Limitations & Future Work

  • The framework targets only encoder-based TSFMs; decoder-only (e.g., TimesFM) and encoder-decoder (e.g., Chronos) architectures are not explored.
  • The number of scales \(K\) requires manual selection; no adaptive mechanism is provided.
  • The downsampling strategy is fixed as average pooling; alternative approaches (e.g., wavelet transforms) merit exploration.
  • vs TimeMixer: TimeMixer trains a multi-scale model from scratch, whereas MSFT leverages the multi-scale capability of pre-trained TSFMs for fine-tuning—different approaches sharing the same objective.
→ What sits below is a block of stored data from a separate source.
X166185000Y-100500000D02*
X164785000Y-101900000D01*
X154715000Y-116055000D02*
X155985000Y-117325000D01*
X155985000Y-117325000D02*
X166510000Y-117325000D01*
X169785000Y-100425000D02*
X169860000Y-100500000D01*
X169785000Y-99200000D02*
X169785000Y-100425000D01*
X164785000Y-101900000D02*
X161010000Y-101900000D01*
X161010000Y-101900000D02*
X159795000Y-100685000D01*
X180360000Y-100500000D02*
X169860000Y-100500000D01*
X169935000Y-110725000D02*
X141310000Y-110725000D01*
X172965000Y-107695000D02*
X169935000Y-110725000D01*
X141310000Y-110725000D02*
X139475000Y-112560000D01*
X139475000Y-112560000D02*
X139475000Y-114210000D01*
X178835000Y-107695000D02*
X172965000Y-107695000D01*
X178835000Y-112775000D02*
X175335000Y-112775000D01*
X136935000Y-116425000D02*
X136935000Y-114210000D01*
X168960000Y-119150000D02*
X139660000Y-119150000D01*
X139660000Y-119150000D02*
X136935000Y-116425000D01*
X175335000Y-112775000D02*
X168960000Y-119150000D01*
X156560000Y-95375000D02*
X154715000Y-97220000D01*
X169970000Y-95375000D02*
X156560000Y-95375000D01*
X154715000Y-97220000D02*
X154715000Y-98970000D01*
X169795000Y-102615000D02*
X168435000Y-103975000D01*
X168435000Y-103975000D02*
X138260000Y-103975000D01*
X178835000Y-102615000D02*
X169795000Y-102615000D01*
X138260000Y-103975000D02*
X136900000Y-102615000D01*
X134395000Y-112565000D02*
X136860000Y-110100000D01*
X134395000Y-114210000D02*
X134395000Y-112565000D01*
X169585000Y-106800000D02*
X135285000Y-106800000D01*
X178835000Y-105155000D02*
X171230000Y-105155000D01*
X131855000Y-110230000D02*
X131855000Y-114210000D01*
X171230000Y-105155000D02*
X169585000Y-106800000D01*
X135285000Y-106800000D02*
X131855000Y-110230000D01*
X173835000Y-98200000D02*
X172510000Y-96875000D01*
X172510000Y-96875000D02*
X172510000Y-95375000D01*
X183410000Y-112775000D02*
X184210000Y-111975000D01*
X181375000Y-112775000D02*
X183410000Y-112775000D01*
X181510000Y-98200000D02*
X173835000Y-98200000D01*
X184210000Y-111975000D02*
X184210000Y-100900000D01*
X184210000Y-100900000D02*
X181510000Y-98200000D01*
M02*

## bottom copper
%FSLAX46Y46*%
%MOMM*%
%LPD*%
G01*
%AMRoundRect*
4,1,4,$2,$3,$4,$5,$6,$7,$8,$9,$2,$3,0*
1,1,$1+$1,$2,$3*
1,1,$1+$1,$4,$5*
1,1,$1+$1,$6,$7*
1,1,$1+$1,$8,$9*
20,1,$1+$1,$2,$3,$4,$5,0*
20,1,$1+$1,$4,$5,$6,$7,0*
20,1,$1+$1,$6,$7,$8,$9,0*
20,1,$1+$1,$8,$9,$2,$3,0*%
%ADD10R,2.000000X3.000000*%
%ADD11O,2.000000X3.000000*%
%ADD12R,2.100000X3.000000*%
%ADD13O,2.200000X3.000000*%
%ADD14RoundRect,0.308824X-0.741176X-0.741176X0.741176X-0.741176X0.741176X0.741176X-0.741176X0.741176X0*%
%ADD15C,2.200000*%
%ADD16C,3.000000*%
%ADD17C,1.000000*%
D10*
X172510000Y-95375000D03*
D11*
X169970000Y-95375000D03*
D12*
  • vs LoRA: Standard LoRA does not differentiate between scales; MSFT's scale-specific LoRA more effectively activates the corresponding pre-trained knowledge.
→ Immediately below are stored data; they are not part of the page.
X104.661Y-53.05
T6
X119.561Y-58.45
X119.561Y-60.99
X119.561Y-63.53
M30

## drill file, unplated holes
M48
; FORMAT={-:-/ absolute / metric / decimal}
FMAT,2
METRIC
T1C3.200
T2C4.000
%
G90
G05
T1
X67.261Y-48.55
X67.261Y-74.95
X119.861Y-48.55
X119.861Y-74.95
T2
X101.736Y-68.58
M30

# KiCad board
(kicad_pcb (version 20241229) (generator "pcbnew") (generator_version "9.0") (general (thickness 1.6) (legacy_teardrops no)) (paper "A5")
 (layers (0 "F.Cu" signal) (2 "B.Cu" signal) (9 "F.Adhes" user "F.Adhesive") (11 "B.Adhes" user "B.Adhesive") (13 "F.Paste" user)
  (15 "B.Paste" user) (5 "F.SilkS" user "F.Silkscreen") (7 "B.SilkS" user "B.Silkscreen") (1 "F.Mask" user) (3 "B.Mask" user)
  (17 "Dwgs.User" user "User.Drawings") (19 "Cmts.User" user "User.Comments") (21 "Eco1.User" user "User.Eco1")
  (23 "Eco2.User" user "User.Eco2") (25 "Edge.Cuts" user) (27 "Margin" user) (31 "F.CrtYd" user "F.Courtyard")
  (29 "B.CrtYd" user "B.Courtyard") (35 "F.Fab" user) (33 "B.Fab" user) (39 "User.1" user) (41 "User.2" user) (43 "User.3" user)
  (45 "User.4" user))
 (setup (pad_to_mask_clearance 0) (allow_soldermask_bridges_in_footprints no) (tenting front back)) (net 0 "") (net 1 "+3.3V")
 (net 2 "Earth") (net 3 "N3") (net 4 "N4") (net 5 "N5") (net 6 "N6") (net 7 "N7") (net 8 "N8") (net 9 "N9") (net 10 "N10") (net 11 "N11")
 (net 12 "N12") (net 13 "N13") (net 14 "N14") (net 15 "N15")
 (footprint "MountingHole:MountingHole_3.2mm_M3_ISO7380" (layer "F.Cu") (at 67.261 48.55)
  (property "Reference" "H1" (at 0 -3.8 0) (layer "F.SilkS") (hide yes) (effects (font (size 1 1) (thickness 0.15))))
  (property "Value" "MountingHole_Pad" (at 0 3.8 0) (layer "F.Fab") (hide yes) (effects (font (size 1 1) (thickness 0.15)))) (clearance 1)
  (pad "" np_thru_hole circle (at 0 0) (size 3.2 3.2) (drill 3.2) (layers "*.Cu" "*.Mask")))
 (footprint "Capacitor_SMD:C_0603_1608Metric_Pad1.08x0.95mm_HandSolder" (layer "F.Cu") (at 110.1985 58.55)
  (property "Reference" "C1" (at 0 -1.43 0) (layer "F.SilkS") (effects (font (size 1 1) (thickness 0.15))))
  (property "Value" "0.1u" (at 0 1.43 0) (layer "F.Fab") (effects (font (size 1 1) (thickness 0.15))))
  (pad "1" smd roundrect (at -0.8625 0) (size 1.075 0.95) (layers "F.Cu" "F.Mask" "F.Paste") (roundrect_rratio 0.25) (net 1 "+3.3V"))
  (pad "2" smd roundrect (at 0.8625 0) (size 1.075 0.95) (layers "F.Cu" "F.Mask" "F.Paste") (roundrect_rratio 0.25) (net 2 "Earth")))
  • vs Scaleformer: Scaleformer refines predictions iteratively from coarse to fine, while MSFT employs bidirectional fusion for greater flexibility.

Rating

  • Novelty: ⭐⭐⭐⭐ The causal perspective on fine-tuning is novel, though multi-scale modeling itself is not entirely new.
  • Experimental Thoroughness: ⭐⭐⭐⭐⭐ Three backbones, multiple datasets, comparisons with diverse fine-tuning methods, and comprehensive ablations.
  • Writing Quality: ⭐⭐⭐⭐⭐ Logically clear, with causal analysis and method design organically integrated.
  • Value: ⭐⭐⭐⭐ Provides a practical and theoretically grounded general framework for TSFM fine-tuning.